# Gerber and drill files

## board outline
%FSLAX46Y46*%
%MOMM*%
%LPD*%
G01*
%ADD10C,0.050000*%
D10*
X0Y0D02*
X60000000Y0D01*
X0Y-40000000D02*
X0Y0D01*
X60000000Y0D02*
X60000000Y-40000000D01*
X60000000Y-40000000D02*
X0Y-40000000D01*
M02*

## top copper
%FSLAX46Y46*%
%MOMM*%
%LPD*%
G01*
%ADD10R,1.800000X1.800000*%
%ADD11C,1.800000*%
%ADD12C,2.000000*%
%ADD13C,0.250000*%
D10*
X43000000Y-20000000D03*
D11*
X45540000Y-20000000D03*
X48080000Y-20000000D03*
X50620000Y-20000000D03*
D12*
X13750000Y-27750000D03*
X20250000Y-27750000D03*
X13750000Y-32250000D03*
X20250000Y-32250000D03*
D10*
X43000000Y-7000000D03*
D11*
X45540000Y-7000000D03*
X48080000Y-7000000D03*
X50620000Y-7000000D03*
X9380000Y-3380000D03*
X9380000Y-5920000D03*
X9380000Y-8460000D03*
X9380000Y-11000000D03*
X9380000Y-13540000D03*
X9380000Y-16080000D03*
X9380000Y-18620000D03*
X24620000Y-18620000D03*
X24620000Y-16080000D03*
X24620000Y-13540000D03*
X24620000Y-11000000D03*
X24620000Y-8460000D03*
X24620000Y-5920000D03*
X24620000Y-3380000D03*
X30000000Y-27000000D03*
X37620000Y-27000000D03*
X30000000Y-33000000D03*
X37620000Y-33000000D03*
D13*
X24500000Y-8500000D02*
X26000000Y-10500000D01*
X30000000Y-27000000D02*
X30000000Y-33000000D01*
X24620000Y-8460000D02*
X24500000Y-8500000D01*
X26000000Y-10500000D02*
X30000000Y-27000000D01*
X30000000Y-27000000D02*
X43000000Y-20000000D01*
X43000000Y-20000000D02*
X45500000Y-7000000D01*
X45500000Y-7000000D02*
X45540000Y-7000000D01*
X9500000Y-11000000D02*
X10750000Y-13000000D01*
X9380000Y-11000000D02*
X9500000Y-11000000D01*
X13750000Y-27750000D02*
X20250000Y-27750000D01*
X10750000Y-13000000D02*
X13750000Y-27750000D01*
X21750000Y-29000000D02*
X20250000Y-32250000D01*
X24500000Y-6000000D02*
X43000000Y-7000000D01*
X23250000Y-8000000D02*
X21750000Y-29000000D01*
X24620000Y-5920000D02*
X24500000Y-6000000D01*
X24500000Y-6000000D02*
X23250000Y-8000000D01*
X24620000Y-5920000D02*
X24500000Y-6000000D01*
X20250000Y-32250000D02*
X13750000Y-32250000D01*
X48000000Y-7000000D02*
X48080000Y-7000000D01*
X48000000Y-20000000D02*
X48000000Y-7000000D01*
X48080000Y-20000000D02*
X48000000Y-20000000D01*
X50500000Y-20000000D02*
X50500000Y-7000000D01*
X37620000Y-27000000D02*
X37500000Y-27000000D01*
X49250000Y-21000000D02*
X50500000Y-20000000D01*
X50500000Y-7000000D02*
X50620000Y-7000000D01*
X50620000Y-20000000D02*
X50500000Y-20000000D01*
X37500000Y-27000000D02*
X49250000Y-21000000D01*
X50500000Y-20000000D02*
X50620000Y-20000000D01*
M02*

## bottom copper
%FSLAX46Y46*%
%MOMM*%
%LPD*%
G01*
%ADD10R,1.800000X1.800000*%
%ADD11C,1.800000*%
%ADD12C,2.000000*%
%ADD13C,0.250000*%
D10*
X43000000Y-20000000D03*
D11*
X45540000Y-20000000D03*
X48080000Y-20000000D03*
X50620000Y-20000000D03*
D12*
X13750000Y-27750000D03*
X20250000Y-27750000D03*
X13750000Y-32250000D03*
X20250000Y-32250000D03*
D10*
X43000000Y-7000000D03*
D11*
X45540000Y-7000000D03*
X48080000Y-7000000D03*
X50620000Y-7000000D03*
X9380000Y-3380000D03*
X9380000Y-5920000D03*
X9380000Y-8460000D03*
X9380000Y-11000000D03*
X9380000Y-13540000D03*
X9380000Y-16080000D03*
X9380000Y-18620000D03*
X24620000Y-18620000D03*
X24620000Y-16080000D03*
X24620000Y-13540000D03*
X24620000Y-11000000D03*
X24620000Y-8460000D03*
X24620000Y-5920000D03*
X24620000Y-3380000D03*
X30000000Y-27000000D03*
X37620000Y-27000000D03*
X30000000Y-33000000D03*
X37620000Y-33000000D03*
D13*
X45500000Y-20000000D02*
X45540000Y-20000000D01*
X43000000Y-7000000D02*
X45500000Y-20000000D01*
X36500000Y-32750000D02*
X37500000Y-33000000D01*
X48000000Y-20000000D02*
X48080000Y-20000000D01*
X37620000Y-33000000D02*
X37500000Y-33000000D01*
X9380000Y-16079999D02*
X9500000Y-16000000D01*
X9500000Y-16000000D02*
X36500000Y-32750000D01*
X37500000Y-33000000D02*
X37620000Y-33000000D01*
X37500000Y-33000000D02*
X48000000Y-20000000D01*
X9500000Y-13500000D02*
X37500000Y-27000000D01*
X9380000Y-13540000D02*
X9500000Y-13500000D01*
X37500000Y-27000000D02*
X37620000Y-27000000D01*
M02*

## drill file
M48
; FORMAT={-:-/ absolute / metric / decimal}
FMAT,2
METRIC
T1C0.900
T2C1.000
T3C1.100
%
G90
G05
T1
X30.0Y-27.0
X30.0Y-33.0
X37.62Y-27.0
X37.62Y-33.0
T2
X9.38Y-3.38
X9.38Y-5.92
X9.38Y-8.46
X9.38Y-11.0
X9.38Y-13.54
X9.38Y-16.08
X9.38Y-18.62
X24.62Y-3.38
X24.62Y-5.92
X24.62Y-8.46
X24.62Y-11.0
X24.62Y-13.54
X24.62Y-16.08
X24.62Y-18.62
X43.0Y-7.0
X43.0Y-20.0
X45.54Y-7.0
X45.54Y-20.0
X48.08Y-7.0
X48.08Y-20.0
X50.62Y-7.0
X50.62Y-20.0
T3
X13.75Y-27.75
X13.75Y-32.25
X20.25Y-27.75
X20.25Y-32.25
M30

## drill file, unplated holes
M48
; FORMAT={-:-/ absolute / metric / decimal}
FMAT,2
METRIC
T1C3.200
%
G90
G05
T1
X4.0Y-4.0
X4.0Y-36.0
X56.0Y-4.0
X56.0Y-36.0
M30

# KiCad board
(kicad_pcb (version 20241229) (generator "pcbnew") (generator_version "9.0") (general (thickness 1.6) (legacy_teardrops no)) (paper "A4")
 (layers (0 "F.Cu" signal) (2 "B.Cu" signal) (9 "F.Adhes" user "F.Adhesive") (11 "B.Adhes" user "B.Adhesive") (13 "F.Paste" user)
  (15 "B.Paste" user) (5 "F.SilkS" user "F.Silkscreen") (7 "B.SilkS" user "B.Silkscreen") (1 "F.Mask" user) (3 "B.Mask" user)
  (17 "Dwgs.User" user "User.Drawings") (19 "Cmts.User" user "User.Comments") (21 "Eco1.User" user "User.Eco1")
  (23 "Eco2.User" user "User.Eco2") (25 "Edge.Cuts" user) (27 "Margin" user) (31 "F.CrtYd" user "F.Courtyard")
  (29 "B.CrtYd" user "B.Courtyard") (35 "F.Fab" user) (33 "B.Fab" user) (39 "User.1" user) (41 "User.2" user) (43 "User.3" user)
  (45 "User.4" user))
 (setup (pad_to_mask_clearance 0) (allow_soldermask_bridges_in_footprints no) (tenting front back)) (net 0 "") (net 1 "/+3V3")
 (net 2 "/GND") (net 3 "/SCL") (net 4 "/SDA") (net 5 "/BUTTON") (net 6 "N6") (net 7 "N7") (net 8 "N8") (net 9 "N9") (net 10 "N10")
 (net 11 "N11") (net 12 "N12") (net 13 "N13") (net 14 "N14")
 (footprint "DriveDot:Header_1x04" (layer "F.Cu") (at 43 20)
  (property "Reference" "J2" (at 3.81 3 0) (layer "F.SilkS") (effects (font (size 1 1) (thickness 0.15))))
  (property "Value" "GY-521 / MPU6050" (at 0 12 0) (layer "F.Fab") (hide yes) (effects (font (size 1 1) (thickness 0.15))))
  (pad "1" thru_hole rect (at 0 0) (size 1.8 1.8) (drill 1) (layers "*.Cu" "*.Mask") (remove_unused_layers no) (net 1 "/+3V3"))
  (pad "2" thru_hole circle (at 2.54 0) (size 1.8 1.8) (drill 1) (layers "*.Cu" "*.Mask") (remove_unused_layers no) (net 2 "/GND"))
  (pad "3" thru_hole circle (at 5.08 0) (size 1.8 1.8) (drill 1) (layers "*.Cu" "*.Mask") (remove_unused_layers no) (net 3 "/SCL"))
  (pad "4" thru_hole circle (at 7.62 0) (size 1.8 1.8) (drill 1) (layers "*.Cu" "*.Mask") (remove_unused_layers no) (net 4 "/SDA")))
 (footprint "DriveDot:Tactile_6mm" (layer "F.Cu") (at 17 30)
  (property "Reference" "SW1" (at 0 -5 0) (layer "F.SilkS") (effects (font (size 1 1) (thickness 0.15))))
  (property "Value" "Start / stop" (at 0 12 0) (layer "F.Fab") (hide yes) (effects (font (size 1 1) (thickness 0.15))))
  (pad "1" thru_hole circle (at -3.25 -2.25) (size 2 2) (drill 1.1) (layers "*.Cu" "*.Mask") (remove_unused_layers no) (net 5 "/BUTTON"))
  (pad "1" thru_hole circle (at 3.25 -2.25) (size 2 2) (drill 1.1) (layers "*.Cu" "*.Mask") (remove_unused_layers no) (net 5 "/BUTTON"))
  (pad "2" thru_hole circle (at -3.25 2.25) (size 2 2) (drill 1.1) (layers "*.Cu" "*.Mask") (remove_unused_layers no) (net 2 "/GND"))
  (pad "2" thru_hole circle (at 3.25 2.25) (size 2 2) (drill 1.1) (layers "*.Cu" "*.Mask") (remove_unused_layers no) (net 2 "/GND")))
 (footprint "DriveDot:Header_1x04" (layer "F.Cu") (at 43 7)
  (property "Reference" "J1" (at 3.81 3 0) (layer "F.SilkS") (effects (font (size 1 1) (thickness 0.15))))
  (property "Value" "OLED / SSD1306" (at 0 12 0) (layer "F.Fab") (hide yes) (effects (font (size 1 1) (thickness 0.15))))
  (pad "1" thru_hole rect (at 0 0) (size 1.8 1.8) (drill 1) (layers "*.Cu" "*.Mask") (remove_unused_layers no) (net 2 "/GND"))
  (pad "2" thru_hole circle (at 2.54 0) (size 1.8 1.8) (drill 1) (layers "*.Cu" "*.Mask") (remove_unused_layers no) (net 1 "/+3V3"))
  (pad "3" thru_hole circle (at 5.08 0) (size 1.8 1.8) (drill 1) (layers "*.Cu" "*.Mask") (remove_unused_layers no) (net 3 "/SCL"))
  (pad "4" thru_hole circle (at 7.62 0) (size 1.8 1.8) (drill 1) (layers "*.Cu" "*.Mask") (remove_unused_layers no) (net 4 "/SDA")))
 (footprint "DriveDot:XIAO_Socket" (layer "F.Cu") (at 17 11)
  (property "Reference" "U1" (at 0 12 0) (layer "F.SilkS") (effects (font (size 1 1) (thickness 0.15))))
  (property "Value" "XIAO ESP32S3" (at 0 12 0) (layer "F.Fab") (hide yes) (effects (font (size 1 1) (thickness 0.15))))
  (pad "1" thru_hole circle (at -7.62 -7.62) (size 1.8 1.8) (drill 1) (layers "*.Cu" "*.Mask") (remove_unused_layers no) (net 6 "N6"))
  (pad "2" thru_hole circle (at -7.62 -5.08) (size 1.8 1.8) (drill 1) (layers "*.Cu" "*.Mask") (remove_unused_layers no) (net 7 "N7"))
  (pad "3" thru_hole circle (at -7.62 -2.54) (size 1.8 1.8) (drill 1) (layers "*.Cu" "*.Mask") (remove_unused_layers no) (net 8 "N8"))
  (pad "4" thru_hole circle (at -7.62 0) (size 1.8 1.8) (drill 1) (layers "*.Cu" "*.Mask") (remove_unused_layers no) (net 5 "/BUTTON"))
  (pad "5" thru_hole circle (at -7.62 2.54) (size 1.8 1.8) (drill 1) (layers "*.Cu" "*.Mask") (remove_unused_layers no) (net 4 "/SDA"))
  (pad "6" thru_hole circle (at -7.62 5.08) (size 1.8 1.8) (drill 1) (layers "*.Cu" "*.Mask") (remove_unused_layers no) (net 3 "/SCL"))
  (pad "7" thru_hole circle (at -7.62 7.62) (size 1.8 1.8) (drill 1) (layers "*.Cu" "*.Mask") (remove_unused_layers no) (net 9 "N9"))
  (pad "8" thru_hole circle (at 7.62 7.62) (size 1.8 1.8) (drill 1) (layers "*.Cu" "*.Mask") (remove_unused_layers no) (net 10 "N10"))
  (pad "9" thru_hole circle (at 7.62 5.08) (size 1.8 1.8) (drill 1) (layers "*.Cu" "*.Mask") (remove_unused_layers no) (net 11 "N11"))
  (pad "10" thru_hole circle (at 7.62 2.54) (size 1.8 1.8) (drill 1) (layers "*.Cu" "*.Mask") (remove_unused_layers no) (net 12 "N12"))
  (pad "11" thru_hole circle (at 7.62 0) (size 1.8 1.8) (drill 1) (layers "*.Cu" "*.Mask") (remove_unused_layers no) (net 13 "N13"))
  (pad "12" thru_hole circle (at 7.62 -2.54) (size 1.8 1.8) (drill 1) (layers "*.Cu" "*.Mask") (remove_unused_layers no) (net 1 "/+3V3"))
  (pad "13" thru_hole circle (at 7.62 -5.08) (size 1.8 1.8) (drill 1) (layers "*.Cu" "*.Mask") (remove_unused_layers no) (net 2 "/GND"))
  (pad "14" thru_hole circle (at 7.62 -7.62) (size 1.8 1.8) (drill 1) (layers "*.Cu" "*.Mask") (remove_unused_layers no) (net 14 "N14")))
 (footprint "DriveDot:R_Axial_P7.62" (layer "F.Cu") (at 30 27)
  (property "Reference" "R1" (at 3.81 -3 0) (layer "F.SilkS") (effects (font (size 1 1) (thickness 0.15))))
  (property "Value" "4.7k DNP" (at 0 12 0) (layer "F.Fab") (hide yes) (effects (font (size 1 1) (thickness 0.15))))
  (pad "1" thru_hole circle (at 0 0) (size 1.8 1.8) (drill 0.9) (layers "*.Cu" "*.Mask") (remove_unused_layers no) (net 1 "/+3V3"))
  (pad "2" thru_hole circle (at 7.62 0) (size 1.8 1.8) (drill 0.9) (layers "*.Cu" "*.Mask") (remove_unused_layers no) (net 4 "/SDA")))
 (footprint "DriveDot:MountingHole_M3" (layer "F.Cu") (at 4 4)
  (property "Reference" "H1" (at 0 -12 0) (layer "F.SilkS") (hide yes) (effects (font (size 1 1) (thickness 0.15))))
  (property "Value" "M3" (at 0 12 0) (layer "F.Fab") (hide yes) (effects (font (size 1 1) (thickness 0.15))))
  (pad "" np_thru_hole circle (at 0 0) (size 3.2 3.2) (drill 3.2) (layers "*.Cu" "*.Mask")))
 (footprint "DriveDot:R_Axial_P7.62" (layer "F.Cu") (at 30 33)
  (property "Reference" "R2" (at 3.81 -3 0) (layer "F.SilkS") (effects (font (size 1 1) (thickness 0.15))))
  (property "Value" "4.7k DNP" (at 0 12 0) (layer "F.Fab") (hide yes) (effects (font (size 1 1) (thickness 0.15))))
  (pad "1" thru_hole circle (at 0 0) (size 1.8 1.8) (drill 0.9) (layers "*.Cu" "*.Mask") (remove_unused_layers no) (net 1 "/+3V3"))
  (pad "2" thru_hole circle (at 7.62 0) (size 1.8 1.8) (drill 0.9) (layers "*.Cu" "*.Mask") (remove_unused_layers no) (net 3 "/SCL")))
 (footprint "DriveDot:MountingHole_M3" (layer "F.Cu") (at 4 36)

What you should do:
Lines holding the string "user" must be copied out of the entries above.

Exercise output:
 (layers (0 "F.Cu" signal) (2 "B.Cu" signal) (9 "F.Adhes" user "F.Adhesive") (11 "B.Adhes" user "B.Adhesive") (13 "F.Paste" user)
  (15 "B.Paste" user) (5 "F.SilkS" user "F.Silkscreen") (7 "B.SilkS" user "B.Silkscreen") (1 "F.Mask" user) (3 "B.Mask" user)
  (17 "Dwgs.User" user "User.Drawings") (19 "Cmts.User" user "User.Comments") (21 "Eco1.User" user "User.Eco1")
  (23 "Eco2.User" user "User.Eco2") (25 "Edge.Cuts" user) (27 "Margin" user) (31 "F.CrtYd" user "F.Courtyard")
  (29 "B.CrtYd" user "B.Courtyard") (35 "F.Fab" user) (33 "B.Fab" user) (39 "User.1" user) (41 "User.2" user) (43 "User.3" user)
  (45 "User.4" user))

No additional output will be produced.